There's some ridiculous clunker "invention" that goes into the back of a can to overcome that problem, supposedly, but the real answer is to make such cans much lighter and more compact. What's the POINT of an 8" long, 1.6" OD, 12 oz can on an 8.6" long, 40 oz 1911? Ferchrissakes, you can have a CARBINE that's as "handy" as THAT pos. If you want to "can" a .45 pistol, you start with a 6.7" long compact version of the 1911, and you use my 5.5" long, sleeved and underchambered, 5 oz, all aluminum can for it.

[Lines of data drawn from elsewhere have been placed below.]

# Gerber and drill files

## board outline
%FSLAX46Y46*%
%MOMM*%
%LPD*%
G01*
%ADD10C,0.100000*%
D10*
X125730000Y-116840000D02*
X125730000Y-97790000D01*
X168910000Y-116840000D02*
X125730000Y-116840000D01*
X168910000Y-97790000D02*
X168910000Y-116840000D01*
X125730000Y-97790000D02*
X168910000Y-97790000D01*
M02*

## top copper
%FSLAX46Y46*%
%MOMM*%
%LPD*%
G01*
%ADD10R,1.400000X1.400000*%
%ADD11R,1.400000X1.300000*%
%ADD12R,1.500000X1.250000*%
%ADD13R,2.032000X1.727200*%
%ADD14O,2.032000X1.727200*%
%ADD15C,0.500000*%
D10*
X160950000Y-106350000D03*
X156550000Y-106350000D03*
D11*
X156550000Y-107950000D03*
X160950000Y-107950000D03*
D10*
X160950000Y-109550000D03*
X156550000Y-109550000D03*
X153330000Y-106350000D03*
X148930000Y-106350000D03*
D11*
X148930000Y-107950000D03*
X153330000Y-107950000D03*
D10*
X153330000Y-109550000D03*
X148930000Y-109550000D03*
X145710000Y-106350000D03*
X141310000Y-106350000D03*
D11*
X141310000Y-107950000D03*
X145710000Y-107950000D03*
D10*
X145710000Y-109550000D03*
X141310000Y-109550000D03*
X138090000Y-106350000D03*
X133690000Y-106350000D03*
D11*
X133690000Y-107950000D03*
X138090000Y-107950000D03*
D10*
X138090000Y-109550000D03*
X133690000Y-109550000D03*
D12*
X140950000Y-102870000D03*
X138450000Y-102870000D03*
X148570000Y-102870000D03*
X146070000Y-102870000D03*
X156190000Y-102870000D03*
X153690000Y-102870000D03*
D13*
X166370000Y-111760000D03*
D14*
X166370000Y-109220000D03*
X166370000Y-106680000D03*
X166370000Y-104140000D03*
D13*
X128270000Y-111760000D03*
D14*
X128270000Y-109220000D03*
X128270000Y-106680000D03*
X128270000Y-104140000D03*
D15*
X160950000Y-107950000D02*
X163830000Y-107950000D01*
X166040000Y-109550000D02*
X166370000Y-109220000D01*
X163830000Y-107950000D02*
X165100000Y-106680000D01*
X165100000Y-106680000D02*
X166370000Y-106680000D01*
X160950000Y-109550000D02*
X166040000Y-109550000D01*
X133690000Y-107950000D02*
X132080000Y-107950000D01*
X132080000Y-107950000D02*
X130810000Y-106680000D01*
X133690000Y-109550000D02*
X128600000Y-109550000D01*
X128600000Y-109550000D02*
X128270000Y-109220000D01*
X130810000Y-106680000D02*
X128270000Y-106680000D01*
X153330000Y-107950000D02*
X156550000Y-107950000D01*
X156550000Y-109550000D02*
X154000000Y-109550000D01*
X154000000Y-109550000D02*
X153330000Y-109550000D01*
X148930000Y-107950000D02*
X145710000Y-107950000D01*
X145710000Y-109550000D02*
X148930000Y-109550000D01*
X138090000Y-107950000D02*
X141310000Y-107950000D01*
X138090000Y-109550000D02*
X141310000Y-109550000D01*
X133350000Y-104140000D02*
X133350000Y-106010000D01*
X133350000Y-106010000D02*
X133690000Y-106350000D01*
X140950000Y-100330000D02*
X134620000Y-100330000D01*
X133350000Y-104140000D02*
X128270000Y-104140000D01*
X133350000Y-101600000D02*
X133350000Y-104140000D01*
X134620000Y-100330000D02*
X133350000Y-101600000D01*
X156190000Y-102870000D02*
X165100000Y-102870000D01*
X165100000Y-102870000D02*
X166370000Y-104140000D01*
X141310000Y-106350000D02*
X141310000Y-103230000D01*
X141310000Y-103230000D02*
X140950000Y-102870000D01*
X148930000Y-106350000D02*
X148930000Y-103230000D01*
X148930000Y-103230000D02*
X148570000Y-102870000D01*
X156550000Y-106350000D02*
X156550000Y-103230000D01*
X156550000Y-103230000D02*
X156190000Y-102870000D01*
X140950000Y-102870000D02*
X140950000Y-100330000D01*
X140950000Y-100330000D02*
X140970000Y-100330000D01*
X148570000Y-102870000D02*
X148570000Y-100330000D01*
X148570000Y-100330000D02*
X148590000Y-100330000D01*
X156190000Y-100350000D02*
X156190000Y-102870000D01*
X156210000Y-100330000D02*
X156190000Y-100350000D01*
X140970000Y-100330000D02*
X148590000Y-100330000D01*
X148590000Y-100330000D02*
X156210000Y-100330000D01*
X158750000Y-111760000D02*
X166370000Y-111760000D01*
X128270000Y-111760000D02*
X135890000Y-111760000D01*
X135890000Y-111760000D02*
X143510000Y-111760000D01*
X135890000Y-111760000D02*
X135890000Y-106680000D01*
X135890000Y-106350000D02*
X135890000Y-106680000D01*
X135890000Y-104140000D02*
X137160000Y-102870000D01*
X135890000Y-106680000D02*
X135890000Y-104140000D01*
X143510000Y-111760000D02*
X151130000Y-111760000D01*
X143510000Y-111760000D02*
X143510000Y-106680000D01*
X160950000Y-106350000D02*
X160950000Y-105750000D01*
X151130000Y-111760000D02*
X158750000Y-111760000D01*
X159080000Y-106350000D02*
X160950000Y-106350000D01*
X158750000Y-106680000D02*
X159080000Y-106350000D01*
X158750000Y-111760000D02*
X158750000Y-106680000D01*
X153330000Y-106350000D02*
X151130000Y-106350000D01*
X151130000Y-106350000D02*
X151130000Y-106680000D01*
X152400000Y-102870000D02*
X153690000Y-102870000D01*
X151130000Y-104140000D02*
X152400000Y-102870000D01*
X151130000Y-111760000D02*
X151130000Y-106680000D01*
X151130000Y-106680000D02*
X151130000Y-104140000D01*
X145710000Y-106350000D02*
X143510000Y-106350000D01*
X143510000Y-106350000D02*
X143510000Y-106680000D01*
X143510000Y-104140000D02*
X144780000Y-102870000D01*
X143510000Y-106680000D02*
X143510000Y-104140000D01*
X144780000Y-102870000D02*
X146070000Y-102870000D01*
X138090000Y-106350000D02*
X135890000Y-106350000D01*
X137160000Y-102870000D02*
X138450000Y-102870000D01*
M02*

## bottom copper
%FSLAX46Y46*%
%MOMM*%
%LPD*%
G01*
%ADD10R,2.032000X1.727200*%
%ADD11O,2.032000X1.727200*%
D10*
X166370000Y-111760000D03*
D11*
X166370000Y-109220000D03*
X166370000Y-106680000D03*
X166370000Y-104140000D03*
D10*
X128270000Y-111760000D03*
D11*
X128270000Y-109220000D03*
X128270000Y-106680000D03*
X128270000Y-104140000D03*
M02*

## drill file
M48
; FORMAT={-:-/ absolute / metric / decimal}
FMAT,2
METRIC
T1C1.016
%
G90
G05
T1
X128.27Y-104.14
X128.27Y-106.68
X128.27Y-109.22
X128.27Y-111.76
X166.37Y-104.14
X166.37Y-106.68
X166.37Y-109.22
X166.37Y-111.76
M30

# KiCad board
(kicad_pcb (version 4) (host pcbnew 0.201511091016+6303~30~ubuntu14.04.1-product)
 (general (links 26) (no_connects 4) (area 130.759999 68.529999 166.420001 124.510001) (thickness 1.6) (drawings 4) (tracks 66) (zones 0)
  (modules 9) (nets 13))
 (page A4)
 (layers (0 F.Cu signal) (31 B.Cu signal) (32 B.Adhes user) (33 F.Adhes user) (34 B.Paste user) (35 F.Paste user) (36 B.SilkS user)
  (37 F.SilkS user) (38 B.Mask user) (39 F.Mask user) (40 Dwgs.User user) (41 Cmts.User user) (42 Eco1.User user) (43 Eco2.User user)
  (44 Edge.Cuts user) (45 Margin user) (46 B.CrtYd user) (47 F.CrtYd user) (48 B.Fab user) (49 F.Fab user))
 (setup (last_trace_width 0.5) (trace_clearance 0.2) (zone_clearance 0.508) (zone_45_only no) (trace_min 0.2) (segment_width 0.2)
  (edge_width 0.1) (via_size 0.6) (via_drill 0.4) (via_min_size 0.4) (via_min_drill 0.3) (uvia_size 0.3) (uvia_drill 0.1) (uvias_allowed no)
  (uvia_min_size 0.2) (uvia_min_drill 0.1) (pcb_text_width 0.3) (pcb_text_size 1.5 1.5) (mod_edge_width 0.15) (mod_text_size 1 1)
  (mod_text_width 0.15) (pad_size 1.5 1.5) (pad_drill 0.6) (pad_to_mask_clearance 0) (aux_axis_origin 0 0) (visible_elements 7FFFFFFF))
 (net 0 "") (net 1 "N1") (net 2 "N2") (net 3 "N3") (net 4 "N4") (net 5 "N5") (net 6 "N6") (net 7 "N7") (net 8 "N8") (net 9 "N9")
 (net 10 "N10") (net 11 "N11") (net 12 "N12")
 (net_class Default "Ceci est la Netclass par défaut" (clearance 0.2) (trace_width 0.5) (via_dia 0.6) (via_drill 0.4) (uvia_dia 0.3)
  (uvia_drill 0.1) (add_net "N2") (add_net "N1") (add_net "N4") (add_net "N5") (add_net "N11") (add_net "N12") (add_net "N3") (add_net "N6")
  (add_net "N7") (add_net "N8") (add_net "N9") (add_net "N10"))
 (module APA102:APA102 (layer F.Cu) (at 158.75 107.95 90)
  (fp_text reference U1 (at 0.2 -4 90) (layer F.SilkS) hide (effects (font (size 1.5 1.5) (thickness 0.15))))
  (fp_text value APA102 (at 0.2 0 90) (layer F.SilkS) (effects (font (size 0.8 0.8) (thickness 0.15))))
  (pad 3 smd rect (at 1.6 2.2 180) (size 1.4 1.4) (layers F.Cu F.Paste F.Mask) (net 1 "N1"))
  (pad 4 smd rect (at 1.6 -2.2 180) (size 1.4 1.4) (layers F.Cu F.Paste F.Mask) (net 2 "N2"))
  (pad 5 smd rect (at 0 -2.2 180) (size 1.4 1.3) (layers F.Cu F.Paste F.Mask) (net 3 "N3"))
  (pad 2 smd rect (at 0 2.2 180) (size 1.4 1.3) (layers F.Cu F.Paste F.Mask) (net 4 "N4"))
  (pad 1 smd rect (at -1.6 2.2 180) (size 1.4 1.4) (layers F.Cu F.Paste F.Mask) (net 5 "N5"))
  (pad 6 smd rect (at -1.6 -2.2 180) (size 1.4 1.4) (layers F.Cu F.Paste F.Mask) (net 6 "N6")))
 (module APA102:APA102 (layer F.Cu) (at 151.13 107.95 90)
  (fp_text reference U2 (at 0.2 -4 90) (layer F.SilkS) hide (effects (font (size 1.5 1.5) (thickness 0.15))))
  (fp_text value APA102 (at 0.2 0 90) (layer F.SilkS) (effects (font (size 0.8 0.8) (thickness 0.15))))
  (pad 3 smd rect (at 1.6 2.2 180) (size 1.4 1.4) (layers F.Cu F.Paste F.Mask) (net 1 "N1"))
  (pad 4 smd rect (at 1.6 -2.2 180) (size 1.4 1.4) (layers F.Cu F.Paste F.Mask) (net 2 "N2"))
  (pad 5 smd rect (at 0 -2.2 180) (size 1.4 1.3) (layers F.Cu F.Paste F.Mask) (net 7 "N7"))
  (pad 2 smd rect (at 0 2.2 180) (size 1.4 1.3) (layers F.Cu F.Paste F.Mask) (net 3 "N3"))
  (pad 1 smd rect (at -1.6 2.2 180) (size 1.4 1.4) (layers F.Cu F.Paste F.Mask) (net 6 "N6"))
  (pad 6 smd rect (at -1.6 -2.2 180) (size 1.4 1.4) (layers F.Cu F.Paste F.Mask) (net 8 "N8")))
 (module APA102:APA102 (layer F.Cu) (at 143.51 107.95 90)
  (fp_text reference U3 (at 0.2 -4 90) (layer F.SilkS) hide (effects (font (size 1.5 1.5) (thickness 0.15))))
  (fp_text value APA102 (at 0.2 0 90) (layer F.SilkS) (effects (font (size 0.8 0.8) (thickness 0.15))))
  (pad 3 smd rect (at 1.6 2.2 180) (size 1.4 1.4) (layers F.Cu F.Paste F.Mask) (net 1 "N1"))
  (pad 4 smd rect (at 1.6 -2.2 180) (size 1.4 1.4) (layers F.Cu F.Paste F.Mask) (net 2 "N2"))
  (pad 5 smd rect (at 0 -2.2 180) (size 1.4 1.3) (layers F.Cu F.Paste F.Mask) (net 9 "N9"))
  (pad 2 smd rect (at 0 2.2 180) (size 1.4 1.3) (layers F.Cu F.Paste F.Mask) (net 7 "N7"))
  (pad 1 smd rect (at -1.6 2.2 180) (size 1.4 1.4) (layers F.Cu F.Paste F.Mask) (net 8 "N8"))
  (pad 6 smd rect (at -1.6 -2.2 180) (size 1.4 1.4) (layers F.Cu F.Paste F.Mask) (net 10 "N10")))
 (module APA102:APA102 (layer F.Cu) (at 135.89 107.95 90)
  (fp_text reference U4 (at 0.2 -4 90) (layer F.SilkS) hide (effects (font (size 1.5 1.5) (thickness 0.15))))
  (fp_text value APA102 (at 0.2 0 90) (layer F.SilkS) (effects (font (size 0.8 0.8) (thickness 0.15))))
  (pad 3 smd rect (at 1.6 2.2 180) (size 1.4 1.4) (layers F.Cu F.Paste F.Mask) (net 1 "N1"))
  (pad 4 smd rect (at 1.6 -2.2 180) (size 1.4 1.4) (layers F.Cu F.Paste F.Mask) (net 2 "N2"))
  (pad 5 smd rect (at 0 -2.2 180) (size 1.4 1.3) (layers F.Cu F.Paste F.Mask) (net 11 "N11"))
  (pad 2 smd rect (at 0 2.2 180) (size 1.4 1.3) (layers F.Cu F.Paste F.Mask) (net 9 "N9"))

Then you can BARELY shoulder holster the damned thing, and still have a reasonablly quick draw,if you make the rig yourself, and know how to employ it. It's no longer than a 6" barreled N frame revolver, which many CLAIM is "ccw-able". It is, under a parka. :)

Actually, if you use Kydex plastic for the rig, tie down the "off side", and the rig to a padded thigh strap, you CAN conceal a canned 1911 under a loose cordoroy shirt. If you fake the buttons and use Velcro tabs under them, a fairly fast draw can be had with such a set up, too. As fast as shoulder rigs go, that is. Say, 1.5 secs to react, draw, hit chest at 10 ft.